[Rd] stats::line() does not produce correct Tukey line when n mod 6 is 2 or 3
GlenB
Wed May 31 06:13:31 CEST 2017
Martin Maechler says in reply to Sergueï Sokol
> Note the 'Subject' you've chosen for this thread,
"... does not produce the correct Tukey line",
The choice of title was mine not Serguei's; I posted the original message
where the error was pointed out
I agree with Martin's assessment that the correct split (both by Tukey's
lights and by general practice)
for 19 points would be 6,7,6 and I also agree that it's better to "fix
more" in this instance, where possible.
(e.g. Johnstone&Velleman's standard errors would be a nice thing to add if
feasible) --
but if any blame is attached to the choice of title, it really should be
aimed at me.
Glen
On Wed, May 31, 2017 at 2:51 AM, Martin Maechler <maechler at stat.math.ethz.ch
> wrote:
> >>>>> Serguei Sokol <sokol at insa-toulouse.fr>
> >>>>> on Tue, 30 May 2017 16:01:17 +0200 writes:
>
> > Le 30/05/2017 à 09:33, Martin Maechler a écrit : ...
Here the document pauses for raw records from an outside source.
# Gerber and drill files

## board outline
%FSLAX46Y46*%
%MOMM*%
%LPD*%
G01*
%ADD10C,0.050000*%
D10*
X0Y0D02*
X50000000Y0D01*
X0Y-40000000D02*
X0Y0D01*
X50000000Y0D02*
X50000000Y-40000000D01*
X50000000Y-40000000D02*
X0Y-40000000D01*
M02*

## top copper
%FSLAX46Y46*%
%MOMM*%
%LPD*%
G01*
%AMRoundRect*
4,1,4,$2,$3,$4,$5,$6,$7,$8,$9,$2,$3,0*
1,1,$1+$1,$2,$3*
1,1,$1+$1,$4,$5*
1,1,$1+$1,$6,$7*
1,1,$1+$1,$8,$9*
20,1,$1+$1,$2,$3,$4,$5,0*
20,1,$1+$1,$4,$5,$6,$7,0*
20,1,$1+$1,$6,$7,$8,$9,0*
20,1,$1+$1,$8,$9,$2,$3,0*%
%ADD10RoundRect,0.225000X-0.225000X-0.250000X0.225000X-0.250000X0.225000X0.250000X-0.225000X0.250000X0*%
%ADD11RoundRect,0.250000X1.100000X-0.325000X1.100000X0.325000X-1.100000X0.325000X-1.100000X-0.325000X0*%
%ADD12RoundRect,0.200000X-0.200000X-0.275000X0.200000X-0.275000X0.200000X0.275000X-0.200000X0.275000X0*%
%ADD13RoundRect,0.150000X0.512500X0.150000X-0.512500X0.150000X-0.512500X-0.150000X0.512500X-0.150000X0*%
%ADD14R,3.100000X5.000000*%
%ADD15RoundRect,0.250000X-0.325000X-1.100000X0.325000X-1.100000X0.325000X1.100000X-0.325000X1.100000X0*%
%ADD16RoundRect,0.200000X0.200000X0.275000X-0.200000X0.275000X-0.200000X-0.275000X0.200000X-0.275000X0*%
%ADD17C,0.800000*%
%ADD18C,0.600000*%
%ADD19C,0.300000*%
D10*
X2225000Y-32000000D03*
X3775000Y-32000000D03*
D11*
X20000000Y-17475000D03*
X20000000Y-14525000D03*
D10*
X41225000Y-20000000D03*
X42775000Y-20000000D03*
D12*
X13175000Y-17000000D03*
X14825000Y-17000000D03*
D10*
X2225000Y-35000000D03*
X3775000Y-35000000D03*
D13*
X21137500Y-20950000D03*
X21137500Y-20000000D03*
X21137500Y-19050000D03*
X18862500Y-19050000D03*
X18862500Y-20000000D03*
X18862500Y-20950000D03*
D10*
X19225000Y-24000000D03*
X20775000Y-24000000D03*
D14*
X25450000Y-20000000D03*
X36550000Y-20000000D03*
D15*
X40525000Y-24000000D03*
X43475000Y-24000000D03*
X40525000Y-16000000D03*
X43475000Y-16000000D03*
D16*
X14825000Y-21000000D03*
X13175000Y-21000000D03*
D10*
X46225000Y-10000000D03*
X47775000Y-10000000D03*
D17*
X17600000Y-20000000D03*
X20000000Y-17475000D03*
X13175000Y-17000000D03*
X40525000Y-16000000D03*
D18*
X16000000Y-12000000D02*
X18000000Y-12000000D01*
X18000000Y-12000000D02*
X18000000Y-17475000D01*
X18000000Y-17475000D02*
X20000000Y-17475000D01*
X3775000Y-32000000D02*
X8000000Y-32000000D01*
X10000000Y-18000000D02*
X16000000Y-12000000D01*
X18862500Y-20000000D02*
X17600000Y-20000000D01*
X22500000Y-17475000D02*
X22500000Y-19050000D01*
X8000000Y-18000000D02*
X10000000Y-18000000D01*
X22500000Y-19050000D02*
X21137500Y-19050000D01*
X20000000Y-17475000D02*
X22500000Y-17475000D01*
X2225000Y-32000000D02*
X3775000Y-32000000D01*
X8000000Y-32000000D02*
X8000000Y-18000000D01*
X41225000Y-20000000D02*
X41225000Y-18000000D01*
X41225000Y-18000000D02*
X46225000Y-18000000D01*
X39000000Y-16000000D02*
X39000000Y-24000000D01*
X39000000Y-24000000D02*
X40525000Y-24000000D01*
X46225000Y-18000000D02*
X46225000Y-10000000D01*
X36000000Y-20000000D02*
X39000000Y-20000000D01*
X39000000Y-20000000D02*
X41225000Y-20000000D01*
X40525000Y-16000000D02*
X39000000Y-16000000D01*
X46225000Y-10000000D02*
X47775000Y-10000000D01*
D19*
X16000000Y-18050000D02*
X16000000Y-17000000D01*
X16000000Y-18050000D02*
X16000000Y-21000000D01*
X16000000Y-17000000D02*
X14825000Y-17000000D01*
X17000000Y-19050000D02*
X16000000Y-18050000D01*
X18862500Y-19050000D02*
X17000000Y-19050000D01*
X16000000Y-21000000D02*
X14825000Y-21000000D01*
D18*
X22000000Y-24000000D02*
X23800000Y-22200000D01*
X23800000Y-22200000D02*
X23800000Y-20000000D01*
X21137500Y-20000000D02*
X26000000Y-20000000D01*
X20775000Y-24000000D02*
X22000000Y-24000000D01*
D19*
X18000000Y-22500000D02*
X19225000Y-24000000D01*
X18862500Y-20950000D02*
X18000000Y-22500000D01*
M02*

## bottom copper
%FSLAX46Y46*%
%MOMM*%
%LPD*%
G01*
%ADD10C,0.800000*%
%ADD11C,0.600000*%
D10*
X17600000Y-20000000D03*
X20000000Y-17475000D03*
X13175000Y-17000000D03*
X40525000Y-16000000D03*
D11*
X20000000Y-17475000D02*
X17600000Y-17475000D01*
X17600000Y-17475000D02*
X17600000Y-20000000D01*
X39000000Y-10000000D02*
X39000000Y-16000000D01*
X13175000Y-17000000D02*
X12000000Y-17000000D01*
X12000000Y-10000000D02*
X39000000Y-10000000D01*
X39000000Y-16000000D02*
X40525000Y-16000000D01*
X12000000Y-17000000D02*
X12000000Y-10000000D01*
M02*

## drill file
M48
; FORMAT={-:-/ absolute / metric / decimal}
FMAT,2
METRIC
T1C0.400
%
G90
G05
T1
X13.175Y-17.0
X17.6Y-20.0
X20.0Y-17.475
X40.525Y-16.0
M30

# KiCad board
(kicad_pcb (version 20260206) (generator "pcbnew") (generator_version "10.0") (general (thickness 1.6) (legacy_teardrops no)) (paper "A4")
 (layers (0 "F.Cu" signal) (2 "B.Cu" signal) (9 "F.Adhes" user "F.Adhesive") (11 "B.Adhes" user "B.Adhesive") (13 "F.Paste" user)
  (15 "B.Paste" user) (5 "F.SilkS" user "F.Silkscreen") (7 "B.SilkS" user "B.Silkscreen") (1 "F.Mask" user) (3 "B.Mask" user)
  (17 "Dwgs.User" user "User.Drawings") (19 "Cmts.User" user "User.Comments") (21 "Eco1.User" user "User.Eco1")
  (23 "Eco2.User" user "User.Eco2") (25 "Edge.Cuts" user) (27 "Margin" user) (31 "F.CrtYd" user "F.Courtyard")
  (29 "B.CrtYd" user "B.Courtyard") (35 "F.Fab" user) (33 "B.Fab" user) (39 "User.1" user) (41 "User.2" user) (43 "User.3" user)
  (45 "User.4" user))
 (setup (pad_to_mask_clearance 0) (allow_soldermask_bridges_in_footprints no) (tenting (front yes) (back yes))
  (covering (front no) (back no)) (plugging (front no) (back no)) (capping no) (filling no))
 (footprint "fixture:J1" (layer "F.Cu") (at 3 32)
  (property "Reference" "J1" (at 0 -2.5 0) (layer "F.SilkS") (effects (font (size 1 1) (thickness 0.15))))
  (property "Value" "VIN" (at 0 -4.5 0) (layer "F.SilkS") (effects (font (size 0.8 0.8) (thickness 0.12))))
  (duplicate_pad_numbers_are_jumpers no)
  (pad "1" smd roundrect (at -0.775 0) (size 0.9 0.95) (layers "F.Cu" "F.Mask" "F.Paste") (roundrect_rratio 0.25) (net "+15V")
   (thermal_bridge_angle 45))
  (pad "2" smd roundrect (at 0.775 0) (size 0.9 0.95) (layers "F.Cu" "F.Mask" "F.Paste") (roundrect_rratio 0.25) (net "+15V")
   (thermal_bridge_angle 45)))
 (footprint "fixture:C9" (layer "F.Cu") (at 20 16 90)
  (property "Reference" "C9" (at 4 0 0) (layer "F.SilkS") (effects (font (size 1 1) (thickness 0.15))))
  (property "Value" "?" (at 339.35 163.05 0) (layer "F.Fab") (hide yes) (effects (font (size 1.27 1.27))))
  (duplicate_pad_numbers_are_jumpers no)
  (pad "1" smd roundrect (at -1.475 0 90) (size 1.15 2.7) (layers "F.Cu" "F.Mask" "F.Paste") (roundrect_rratio 0.217391) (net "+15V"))
  (pad "2" smd roundrect (at 1.475 0 90) (size 1.15 2.7) (layers "F.Cu" "F.Mask" "F.Paste") (roundrect_rratio 0.217391) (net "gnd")))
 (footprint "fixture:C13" (layer "F.Cu") (at 42 20)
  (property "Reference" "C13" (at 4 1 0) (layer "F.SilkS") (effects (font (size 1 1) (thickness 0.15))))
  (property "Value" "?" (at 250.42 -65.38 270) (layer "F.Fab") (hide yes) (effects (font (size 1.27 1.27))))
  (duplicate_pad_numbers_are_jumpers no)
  (pad "1" smd roundrect (at -0.775 0) (size 0.9 0.95) (layers "F.Cu" "F.Mask" "F.Paste") (roundrect_rratio 0.25) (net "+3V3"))
  (pad "2" smd roundrect (at 0.775 0) (size 0.9 0.95) (layers "F.Cu" "F.Mask" "F.Paste") (roundrect_rratio 0.25) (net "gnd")))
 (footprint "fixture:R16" (layer "F.Cu") (at 14 17)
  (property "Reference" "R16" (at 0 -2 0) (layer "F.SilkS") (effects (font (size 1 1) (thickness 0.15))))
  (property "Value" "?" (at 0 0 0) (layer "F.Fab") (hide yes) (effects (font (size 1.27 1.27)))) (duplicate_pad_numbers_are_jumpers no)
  (pad "1" smd roundrect (at -0.825 0) (size 0.8 0.95) (layers "F.Cu" "F.Mask" "F.Paste") (roundrect_rratio 0.25) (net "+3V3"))
  (pad "2" smd roundrect (at 0.825 0) (size 0.8 0.95) (layers "F.Cu" "F.Mask" "F.Paste") (roundrect_rratio 0.25) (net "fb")))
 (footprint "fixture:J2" (layer "F.Cu") (at 3 35)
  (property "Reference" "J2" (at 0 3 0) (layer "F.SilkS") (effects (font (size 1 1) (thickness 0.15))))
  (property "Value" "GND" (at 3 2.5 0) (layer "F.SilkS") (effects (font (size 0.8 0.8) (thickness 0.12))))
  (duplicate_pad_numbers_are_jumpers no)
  (pad "1" smd roundrect (at -0.775 0) (size 0.9 0.95) (layers "F.Cu" "F.Mask" "F.Paste") (roundrect_rratio 0.25) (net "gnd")
   (thermal_bridge_angle 45))
  (pad "2" smd roundrect (at 0.775 0) (size 0.9 0.95) (layers "F.Cu" "F.Mask" "F.Paste") (roundrect_rratio 0.25) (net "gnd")
   (thermal_bridge_angle 45)))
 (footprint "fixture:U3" (layer "F.Cu") (at 20 20 180)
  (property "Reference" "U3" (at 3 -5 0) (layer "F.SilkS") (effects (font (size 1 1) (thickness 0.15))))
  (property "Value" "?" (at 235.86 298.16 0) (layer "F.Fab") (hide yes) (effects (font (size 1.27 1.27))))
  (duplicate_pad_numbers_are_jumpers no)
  (pad "1" smd roundrect (at -1.1375 -0.95 180) (size 1.325 0.6) (layers "F.Cu" "F.Mask" "F.Paste") (roundrect_rratio 0.25) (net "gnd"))
  (pad "2" smd roundrect (at -1.1375 0 180) (size 1.325 0.6) (layers "F.Cu" "F.Mask" "F.Paste") (roundrect_rratio 0.25) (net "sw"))
  (pad "3" smd roundrect (at -1.1375 0.95 180) (size 1.325 0.6) (layers "F.Cu" "F.Mask" "F.Paste") (roundrect_rratio 0.25) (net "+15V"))
  (pad "4" smd roundrect (at 1.1375 0.95 180) (size 1.325 0.6) (layers "F.Cu" "F.Mask" "F.Paste") (roundrect_rratio 0.25) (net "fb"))
  (pad "5" smd roundrect (at 1.1375 0 180) (size 1.325 0.6) (layers "F.Cu" "F.Mask" "F.Paste") (roundrect_rratio 0.25) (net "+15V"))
> >> However, even after the patch, The example from the SO
> >> post differs from the result of Richie Cotton's
> >> function...
> > The explanation is quite simple. In SO function, the first
> > 1/3 quantile of used example counts 6 points (of 19 in
> > total), while line()'s definition of quantile leads to 8
> > points. The same numbers (6 and 8) are on the other end of
> > sample.
>
> so the number of obs. for the three thirds for line() are
> {8, 3, 8} in line() [also, after your patch, right?]
>
> whereas in MMline() they are as they should be, namely
>
> {6, 7, 6}
>
> But the {8, 3, 8} split is not at all what all "the literature",
> including Tukey himself says that "should" be done.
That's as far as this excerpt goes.